EXERCISE DIRECTIONS: Scan the listing below for "Value", then report every line that has it.

----

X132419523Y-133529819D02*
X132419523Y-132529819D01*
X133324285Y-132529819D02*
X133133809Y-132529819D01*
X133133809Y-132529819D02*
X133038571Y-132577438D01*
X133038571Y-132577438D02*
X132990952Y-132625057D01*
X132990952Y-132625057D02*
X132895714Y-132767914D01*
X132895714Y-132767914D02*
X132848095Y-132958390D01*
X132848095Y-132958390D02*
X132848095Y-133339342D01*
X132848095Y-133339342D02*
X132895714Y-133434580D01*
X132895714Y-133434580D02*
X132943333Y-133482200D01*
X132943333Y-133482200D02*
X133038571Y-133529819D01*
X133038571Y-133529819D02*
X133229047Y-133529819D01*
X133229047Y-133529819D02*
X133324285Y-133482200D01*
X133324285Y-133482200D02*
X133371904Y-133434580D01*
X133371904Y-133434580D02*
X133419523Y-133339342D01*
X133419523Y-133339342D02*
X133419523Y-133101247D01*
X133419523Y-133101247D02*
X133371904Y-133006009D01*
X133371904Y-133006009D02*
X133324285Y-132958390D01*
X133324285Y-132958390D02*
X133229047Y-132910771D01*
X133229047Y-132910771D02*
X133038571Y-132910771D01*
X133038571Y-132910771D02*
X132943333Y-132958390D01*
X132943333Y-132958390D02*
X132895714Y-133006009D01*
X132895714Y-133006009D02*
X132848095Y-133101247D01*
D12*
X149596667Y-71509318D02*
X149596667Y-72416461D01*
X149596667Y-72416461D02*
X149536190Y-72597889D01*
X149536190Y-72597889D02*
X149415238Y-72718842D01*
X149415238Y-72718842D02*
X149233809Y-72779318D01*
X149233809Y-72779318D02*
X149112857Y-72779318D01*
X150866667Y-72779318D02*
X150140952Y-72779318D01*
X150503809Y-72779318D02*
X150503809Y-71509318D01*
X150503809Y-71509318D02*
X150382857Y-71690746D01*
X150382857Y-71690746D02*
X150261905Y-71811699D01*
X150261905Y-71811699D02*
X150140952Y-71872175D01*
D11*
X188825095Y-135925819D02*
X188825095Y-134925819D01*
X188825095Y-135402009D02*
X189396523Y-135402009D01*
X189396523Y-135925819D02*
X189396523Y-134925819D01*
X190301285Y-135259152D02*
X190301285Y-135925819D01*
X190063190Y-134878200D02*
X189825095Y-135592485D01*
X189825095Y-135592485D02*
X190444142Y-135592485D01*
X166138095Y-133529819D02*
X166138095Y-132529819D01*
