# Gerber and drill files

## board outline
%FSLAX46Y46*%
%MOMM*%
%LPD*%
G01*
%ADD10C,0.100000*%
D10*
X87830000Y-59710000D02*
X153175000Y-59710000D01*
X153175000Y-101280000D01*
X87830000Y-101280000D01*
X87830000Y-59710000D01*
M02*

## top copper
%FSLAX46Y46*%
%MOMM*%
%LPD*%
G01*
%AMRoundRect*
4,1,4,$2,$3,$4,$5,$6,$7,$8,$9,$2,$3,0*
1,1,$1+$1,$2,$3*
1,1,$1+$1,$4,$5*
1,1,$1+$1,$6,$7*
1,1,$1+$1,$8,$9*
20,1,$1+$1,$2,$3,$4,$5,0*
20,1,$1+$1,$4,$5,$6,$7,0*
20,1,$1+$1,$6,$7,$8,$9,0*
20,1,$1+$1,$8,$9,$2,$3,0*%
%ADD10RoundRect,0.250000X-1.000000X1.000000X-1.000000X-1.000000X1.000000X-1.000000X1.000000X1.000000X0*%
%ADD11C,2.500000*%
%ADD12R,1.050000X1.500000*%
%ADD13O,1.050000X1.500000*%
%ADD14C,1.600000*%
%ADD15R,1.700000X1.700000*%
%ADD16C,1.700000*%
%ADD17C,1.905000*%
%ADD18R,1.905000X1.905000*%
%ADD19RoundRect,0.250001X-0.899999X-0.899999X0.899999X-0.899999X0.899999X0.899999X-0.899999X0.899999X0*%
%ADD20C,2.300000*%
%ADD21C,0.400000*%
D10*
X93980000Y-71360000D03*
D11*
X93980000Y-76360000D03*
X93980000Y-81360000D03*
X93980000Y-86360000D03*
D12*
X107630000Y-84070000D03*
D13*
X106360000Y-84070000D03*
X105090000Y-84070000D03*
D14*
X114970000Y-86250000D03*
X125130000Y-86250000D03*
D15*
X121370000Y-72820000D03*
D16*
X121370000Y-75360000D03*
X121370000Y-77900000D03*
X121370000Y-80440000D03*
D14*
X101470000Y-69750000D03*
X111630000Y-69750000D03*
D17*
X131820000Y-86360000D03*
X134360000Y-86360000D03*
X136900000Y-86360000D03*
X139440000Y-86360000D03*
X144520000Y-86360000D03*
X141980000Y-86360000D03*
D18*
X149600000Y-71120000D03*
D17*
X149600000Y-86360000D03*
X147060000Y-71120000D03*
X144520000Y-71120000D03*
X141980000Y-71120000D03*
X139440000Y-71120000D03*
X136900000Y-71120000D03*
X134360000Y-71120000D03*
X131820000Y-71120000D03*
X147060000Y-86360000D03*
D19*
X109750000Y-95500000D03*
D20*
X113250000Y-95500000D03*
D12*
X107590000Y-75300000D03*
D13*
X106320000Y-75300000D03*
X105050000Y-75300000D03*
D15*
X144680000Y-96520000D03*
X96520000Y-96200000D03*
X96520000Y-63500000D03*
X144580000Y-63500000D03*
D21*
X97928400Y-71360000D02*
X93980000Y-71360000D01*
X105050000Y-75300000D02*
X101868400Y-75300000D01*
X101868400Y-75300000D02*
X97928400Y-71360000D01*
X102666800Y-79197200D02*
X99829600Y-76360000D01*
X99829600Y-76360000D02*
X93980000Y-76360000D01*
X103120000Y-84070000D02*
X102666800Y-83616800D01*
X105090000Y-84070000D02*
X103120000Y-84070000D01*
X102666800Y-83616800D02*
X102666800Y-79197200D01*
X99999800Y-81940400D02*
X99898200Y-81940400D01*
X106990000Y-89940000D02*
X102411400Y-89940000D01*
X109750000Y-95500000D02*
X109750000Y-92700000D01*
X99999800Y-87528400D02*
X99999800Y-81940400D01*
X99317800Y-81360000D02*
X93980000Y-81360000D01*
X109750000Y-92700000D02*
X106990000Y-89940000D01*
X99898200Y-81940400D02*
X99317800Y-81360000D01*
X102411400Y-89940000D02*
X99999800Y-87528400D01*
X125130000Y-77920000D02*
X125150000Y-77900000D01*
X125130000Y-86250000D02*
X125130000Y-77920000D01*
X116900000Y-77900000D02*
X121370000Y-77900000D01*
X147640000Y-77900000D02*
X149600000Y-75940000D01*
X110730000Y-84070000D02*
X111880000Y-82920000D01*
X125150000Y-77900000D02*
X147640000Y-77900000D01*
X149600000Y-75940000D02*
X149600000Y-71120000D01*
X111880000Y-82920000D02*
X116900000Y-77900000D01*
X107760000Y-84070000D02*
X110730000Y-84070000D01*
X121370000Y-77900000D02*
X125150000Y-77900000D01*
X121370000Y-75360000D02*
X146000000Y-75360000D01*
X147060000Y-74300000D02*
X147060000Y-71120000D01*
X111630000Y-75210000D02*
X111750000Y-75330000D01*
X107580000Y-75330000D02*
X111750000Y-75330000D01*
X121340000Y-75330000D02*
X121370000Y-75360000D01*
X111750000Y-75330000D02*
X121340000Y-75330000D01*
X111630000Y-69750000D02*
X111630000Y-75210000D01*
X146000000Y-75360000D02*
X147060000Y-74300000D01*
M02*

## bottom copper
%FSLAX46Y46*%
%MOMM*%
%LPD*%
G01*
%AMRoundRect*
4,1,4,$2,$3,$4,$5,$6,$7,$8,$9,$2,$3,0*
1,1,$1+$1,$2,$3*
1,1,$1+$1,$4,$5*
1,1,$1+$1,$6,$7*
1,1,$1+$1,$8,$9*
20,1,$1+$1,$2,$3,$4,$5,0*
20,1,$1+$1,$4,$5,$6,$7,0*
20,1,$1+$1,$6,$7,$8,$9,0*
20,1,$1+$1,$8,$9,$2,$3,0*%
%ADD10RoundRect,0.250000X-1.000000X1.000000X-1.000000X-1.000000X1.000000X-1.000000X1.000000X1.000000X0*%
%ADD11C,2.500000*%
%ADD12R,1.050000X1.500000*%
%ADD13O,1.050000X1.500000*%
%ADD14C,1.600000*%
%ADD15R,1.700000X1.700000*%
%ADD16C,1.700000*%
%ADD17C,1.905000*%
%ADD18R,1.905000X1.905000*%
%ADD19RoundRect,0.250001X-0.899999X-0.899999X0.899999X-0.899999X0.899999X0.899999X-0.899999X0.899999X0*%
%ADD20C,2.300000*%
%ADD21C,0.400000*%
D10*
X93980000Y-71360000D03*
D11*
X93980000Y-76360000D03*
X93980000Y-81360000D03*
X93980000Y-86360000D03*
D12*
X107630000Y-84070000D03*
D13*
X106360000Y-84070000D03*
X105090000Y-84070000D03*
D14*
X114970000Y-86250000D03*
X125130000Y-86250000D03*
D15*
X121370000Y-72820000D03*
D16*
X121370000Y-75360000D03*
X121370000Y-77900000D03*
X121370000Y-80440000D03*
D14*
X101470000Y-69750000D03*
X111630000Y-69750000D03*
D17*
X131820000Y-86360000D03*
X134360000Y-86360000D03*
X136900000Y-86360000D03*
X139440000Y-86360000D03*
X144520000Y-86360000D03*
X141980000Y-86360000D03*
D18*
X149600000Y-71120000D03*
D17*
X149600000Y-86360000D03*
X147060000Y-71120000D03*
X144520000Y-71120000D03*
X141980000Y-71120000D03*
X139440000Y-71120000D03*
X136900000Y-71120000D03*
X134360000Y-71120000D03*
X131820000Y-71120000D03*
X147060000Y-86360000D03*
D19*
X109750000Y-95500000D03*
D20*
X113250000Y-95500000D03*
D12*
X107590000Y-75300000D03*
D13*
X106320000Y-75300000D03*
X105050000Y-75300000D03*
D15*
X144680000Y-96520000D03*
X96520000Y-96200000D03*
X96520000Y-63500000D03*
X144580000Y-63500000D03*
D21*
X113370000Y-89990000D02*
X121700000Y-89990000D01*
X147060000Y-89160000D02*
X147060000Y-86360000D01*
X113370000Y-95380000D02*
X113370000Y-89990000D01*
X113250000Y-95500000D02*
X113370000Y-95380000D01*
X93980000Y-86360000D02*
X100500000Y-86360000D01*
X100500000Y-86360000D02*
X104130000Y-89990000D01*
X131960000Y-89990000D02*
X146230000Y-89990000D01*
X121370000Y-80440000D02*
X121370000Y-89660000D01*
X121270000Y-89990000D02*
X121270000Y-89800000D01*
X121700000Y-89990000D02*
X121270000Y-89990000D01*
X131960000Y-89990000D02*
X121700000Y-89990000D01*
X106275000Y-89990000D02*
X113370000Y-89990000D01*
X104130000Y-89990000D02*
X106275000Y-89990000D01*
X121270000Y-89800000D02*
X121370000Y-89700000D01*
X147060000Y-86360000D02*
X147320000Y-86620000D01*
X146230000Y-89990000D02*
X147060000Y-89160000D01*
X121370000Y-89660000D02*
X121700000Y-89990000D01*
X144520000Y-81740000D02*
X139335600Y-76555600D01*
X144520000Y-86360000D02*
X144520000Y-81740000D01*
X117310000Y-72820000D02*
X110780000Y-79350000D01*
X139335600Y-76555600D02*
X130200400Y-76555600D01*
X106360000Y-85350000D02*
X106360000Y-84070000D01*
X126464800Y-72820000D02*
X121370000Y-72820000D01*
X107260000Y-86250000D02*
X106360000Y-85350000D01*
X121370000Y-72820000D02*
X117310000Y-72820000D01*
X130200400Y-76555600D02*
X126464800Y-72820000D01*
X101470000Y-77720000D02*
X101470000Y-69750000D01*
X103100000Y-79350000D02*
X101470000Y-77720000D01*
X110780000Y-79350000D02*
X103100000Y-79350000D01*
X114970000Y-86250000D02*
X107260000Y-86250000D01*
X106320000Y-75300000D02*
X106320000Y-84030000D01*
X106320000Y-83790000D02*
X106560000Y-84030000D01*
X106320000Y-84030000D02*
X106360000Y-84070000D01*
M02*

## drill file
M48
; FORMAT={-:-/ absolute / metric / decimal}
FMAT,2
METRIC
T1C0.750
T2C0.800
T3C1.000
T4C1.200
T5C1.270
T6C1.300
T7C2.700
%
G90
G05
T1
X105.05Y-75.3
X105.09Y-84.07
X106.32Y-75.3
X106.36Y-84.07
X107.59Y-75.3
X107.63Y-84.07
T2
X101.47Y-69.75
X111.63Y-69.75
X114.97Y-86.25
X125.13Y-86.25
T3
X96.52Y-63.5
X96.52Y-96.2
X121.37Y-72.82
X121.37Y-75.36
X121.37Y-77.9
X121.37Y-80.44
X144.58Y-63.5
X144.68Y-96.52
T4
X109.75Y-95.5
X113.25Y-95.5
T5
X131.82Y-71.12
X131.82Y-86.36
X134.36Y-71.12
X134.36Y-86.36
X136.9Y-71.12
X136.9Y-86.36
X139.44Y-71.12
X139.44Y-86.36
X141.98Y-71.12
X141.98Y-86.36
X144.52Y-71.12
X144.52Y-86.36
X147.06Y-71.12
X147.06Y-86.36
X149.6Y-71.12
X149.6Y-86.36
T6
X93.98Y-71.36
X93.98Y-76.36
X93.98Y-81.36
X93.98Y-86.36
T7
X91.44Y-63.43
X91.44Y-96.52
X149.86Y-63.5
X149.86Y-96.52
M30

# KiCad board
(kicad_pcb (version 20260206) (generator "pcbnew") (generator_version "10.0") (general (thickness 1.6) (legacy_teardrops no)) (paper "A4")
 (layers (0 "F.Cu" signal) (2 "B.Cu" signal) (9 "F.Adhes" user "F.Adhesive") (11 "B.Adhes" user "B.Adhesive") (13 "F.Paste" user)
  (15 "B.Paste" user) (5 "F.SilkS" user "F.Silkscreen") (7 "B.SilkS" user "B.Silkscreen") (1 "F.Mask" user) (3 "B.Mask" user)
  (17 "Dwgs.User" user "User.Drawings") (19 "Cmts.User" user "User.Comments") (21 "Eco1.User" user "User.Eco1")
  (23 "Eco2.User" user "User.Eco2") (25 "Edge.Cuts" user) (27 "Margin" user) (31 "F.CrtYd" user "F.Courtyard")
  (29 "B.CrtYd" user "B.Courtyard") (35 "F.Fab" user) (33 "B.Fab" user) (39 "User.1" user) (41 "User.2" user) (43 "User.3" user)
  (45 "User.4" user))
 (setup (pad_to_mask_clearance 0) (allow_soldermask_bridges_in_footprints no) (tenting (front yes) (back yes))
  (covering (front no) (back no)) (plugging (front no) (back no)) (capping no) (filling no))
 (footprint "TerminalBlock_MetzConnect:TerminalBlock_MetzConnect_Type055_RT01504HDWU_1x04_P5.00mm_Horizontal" (layer "F.Cu")
  (at 93.98 71.36 -90)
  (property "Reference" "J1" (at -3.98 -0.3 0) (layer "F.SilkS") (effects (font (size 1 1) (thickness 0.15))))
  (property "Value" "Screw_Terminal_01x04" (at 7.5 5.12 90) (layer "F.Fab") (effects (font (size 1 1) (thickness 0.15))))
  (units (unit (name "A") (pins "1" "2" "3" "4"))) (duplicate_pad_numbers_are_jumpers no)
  (pad "1" thru_hole roundrect (at 0 0 270) (size 2.5 2.5) (drill 1.3) (layers "*.Cu" "*.Mask") (remove_unused_layers no)
   (roundrect_rratio 0.1) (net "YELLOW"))
  (pad "2" thru_hole circle (at 5 0 270) (size 2.5 2.5) (drill 1.3) (layers "*.Cu" "*.Mask") (remove_unused_layers no) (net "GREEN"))
  (pad "3" thru_hole circle (at 10 0 270) (size 2.5 2.5) (drill 1.3) (layers "*.Cu" "*.Mask") (remove_unused_layers no) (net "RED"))
  (pad "4" thru_hole circle (at 15 0 270) (size 2.5 2.5) (drill 1.3) (layers "*.Cu" "*.Mask") (remove_unused_layers no) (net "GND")))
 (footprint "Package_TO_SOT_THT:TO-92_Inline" (layer "F.Cu") (at 107.63 84.07 180)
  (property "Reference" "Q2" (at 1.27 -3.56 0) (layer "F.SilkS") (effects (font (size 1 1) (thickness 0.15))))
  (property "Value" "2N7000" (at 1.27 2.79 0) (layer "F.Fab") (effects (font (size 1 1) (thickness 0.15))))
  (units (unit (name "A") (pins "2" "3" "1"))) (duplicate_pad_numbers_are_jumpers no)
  (pad "1" thru_hole rect (at 0 0 180) (size 1.05 1.5) (drill 0.75) (layers "*.Cu" "*.Mask") (remove_unused_layers no) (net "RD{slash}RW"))
  (pad "2" thru_hole oval (at 1.27 0 180) (size 1.05 1.5) (drill 0.75) (layers "*.Cu" "*.Mask") (remove_unused_layers no) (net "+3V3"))
  (pad "3" thru_hole oval (at 2.54 0 180) (size 1.05 1.5) (drill 0.75) (layers "*.Cu" "*.Mask") (remove_unused_layers no) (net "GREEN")))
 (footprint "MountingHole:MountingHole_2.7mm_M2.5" (layer "F.Cu") (at 149.86 63.5)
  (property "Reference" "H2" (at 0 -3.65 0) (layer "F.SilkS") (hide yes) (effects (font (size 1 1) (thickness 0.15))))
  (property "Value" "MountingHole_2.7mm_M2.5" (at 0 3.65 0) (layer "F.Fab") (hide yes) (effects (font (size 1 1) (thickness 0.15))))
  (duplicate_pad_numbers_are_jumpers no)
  (pad "" np_thru_hole circle (at 0 0) (size 2.7 2.7) (drill 2.7) (layers "*.Cu" "*.Mask")))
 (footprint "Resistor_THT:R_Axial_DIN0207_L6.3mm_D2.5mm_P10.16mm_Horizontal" (layer "F.Cu") (at 114.97 86.25)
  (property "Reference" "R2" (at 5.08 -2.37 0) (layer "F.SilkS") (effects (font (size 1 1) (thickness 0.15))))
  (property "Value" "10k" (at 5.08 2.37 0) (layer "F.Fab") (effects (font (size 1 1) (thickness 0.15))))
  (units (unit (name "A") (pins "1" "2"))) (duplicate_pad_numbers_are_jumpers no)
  (pad "1" thru_hole circle (at 0 0) (size 1.6 1.6) (drill 0.8) (layers "*.Cu" "*.Mask") (remove_unused_layers no) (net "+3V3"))
  (pad "2" thru_hole circle (at 10.16 0) (size 1.6 1.6) (drill 0.8) (layers "*.Cu" "*.Mask") (remove_unused_layers no) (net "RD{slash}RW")))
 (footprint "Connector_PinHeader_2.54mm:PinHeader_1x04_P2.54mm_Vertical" (layer "F.Cu") (at 121.37 72.82)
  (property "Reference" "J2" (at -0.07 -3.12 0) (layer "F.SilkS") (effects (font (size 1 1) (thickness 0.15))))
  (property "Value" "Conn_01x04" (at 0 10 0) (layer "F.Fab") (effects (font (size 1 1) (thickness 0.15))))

----

ANSWER TO THIS TASK:
  (property "Value" "Screw_Terminal_01x04" (at 7.5 5.12 90) (layer "F.Fab") (effects (font (size 1 1) (thickness 0.15))))
  (property "Value" "2N7000" (at 1.27 2.79 0) (layer "F.Fab") (effects (font (size 1 1) (thickness 0.15))))
  (property "Value" "MountingHole_2.7mm_M2.5" (at 0 3.65 0) (layer "F.Fab") (hide yes) (effects (font (size 1 1) (thickness 0.15))))
  (property "Value" "10k" (at 5.08 2.37 0) (layer "F.Fab") (effects (font (size 1 1) (thickness 0.15))))
  (property "Value" "Conn_01x04" (at 0 10 0) (layer "F.Fab") (effects (font (size 1 1) (thickness 0.15))))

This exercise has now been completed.